Open Access
DATA ANALYSIS PLATFORM FOR STREAM AND BATCH DATA PROCESSING ON HYBRID COMPUTING RESOURCES
Author(s) -
Sergey Belov,
Ivan Kadochnikov,
V. Korenkov,
Andrey Reshetnikov,
R. Semenov,
P. Zrelov
Publication year - 2021
Publication title -
9th international conference "distributed computing and grid technologies in science and education"
Language(s) - English
Resource type - Conference proceedings
DOI - 10.54546/mlit.2021.31.67.001
Subject(s) - computer science , big data , spark (programming language) , provisioning , stream processing , distributed computing , data stream mining , software , database , operating system , data mining , programming language
The modern Big Data ecosystem provides tools to build a flexible platform for processing data streams and batch datasets.
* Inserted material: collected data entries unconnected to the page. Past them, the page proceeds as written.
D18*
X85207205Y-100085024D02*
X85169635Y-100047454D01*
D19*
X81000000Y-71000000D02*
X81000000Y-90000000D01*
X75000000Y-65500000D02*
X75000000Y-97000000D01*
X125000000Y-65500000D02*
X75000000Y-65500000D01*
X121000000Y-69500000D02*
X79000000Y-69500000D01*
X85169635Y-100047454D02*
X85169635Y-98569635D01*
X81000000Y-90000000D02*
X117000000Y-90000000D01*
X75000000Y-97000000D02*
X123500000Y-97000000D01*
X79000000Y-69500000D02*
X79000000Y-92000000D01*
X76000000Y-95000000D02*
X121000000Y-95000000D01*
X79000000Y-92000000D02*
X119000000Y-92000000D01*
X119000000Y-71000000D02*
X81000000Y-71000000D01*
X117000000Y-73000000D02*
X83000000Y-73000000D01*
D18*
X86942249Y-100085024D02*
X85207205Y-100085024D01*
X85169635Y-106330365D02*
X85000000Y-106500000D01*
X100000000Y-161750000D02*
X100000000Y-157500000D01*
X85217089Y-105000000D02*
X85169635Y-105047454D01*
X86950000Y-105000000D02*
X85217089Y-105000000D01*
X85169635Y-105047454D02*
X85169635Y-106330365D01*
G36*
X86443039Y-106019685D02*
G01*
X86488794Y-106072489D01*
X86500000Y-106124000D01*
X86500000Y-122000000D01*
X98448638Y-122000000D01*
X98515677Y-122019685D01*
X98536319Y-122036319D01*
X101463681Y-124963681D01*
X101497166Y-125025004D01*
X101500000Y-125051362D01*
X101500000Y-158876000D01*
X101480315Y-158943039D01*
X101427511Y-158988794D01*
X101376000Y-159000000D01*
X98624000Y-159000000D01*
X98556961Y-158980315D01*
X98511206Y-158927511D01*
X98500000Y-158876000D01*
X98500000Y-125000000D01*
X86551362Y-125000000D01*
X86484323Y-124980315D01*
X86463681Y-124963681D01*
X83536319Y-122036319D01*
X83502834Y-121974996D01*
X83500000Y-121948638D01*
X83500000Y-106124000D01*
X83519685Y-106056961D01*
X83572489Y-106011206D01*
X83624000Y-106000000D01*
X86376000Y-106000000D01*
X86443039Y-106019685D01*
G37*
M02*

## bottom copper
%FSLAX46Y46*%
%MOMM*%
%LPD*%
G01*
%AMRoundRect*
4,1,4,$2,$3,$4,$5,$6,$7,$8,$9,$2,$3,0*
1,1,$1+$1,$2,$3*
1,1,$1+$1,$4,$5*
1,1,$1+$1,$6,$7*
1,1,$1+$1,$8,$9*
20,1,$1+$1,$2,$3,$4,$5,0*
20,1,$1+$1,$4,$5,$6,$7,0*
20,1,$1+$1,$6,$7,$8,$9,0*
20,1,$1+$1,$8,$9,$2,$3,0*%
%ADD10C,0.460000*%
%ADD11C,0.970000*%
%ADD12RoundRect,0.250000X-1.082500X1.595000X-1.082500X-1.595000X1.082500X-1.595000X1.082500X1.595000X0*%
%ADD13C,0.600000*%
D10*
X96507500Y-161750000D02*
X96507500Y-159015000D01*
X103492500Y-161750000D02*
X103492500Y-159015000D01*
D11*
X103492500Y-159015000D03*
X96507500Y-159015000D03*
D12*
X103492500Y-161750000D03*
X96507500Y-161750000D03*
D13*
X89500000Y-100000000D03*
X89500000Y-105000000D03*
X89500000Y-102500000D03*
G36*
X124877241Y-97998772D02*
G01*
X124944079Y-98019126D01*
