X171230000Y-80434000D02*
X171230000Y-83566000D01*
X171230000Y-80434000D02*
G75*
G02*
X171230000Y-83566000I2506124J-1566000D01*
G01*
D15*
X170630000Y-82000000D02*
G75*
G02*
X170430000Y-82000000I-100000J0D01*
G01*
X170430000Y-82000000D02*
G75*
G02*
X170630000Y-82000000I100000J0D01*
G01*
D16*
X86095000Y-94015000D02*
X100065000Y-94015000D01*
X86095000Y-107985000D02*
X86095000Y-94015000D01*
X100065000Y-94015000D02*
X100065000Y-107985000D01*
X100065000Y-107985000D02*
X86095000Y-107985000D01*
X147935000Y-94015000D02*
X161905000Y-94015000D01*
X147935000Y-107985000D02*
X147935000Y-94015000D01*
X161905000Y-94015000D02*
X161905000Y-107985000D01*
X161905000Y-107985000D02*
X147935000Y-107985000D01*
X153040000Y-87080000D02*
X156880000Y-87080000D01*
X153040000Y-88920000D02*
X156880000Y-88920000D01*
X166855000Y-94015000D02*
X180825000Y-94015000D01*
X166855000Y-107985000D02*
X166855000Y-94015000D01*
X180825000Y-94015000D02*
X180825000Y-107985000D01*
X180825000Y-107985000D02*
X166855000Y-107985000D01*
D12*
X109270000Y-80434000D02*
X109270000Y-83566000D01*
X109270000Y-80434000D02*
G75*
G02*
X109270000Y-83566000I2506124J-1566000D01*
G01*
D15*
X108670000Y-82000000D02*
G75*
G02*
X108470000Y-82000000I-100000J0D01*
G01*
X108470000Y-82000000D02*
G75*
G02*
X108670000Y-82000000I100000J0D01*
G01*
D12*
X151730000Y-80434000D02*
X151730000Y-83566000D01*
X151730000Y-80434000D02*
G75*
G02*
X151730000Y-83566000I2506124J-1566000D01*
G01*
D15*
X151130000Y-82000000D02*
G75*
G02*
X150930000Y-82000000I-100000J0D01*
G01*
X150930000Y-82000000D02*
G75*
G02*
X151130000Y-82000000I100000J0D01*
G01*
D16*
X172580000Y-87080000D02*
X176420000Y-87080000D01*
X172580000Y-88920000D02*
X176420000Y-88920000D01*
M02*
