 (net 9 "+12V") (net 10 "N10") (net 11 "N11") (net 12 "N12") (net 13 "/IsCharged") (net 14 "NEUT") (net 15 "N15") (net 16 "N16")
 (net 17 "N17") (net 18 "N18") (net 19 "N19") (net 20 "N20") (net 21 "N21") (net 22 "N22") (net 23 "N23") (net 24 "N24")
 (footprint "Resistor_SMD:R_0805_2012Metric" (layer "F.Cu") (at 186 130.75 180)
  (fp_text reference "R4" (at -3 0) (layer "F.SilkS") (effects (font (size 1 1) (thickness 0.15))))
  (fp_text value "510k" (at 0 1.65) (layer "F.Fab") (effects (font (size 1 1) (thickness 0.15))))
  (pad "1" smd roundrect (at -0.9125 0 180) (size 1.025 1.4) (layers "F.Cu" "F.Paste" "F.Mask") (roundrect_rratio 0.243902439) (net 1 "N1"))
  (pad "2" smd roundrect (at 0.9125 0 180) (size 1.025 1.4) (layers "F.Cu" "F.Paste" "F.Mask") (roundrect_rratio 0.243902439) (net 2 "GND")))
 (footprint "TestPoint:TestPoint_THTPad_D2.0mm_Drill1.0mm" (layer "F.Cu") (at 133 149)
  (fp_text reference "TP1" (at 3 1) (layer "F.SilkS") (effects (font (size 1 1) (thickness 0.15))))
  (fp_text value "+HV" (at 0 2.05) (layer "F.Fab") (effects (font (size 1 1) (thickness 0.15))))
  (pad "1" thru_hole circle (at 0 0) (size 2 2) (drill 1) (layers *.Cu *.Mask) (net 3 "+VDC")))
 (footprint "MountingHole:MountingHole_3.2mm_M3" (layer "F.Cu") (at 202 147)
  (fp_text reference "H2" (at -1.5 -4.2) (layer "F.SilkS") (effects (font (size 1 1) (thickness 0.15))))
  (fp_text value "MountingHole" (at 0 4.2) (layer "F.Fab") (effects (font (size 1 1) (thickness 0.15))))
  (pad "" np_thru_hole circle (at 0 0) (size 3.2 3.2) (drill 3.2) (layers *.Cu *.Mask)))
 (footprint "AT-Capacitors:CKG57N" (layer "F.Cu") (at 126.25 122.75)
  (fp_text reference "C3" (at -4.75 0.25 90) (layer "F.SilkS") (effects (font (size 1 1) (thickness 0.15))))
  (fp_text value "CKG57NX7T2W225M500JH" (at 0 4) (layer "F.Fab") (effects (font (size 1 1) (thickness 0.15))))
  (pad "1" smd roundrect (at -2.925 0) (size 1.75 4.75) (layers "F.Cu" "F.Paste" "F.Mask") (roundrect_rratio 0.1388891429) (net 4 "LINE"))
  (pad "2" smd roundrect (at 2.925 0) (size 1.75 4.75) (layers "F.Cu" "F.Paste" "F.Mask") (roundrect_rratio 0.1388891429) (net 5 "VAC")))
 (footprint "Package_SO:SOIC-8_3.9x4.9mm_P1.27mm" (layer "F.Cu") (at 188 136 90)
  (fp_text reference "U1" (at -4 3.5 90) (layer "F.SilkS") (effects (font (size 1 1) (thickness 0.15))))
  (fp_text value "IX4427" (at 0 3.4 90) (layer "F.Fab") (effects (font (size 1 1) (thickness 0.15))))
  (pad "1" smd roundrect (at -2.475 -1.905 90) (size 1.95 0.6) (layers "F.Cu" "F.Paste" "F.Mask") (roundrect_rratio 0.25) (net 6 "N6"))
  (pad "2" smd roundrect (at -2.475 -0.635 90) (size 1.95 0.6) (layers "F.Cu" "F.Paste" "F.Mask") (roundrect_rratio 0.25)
Supporting both the functioning of modern giant particle physics experiments and the services necessary for the work of many individual physics researchers results in generating and transferring large amounts of semi-structured data. Thus, it is promising to apply cutting-edge technologies to study these data flows and make the services' provisioning more effective. In this work, we describe the structure and implementation of our data analysis platform, built on the Apache Spark cluster. With the official support for GPU computing now available in Spark version 3, we propose a change in the architecture to utilize these more performant resources while keeping the platform's functionality provided by using mainstream Big Data software. Furthermore, the necessity for GPU support entails a change in the computing resource management infrastructure from Apache Mesos to Kubernetes. Finally, to demonstrate the features and operation of the system, we use the task of network packet analysis for security monitoring and anomaly detection in both batch and streammodes.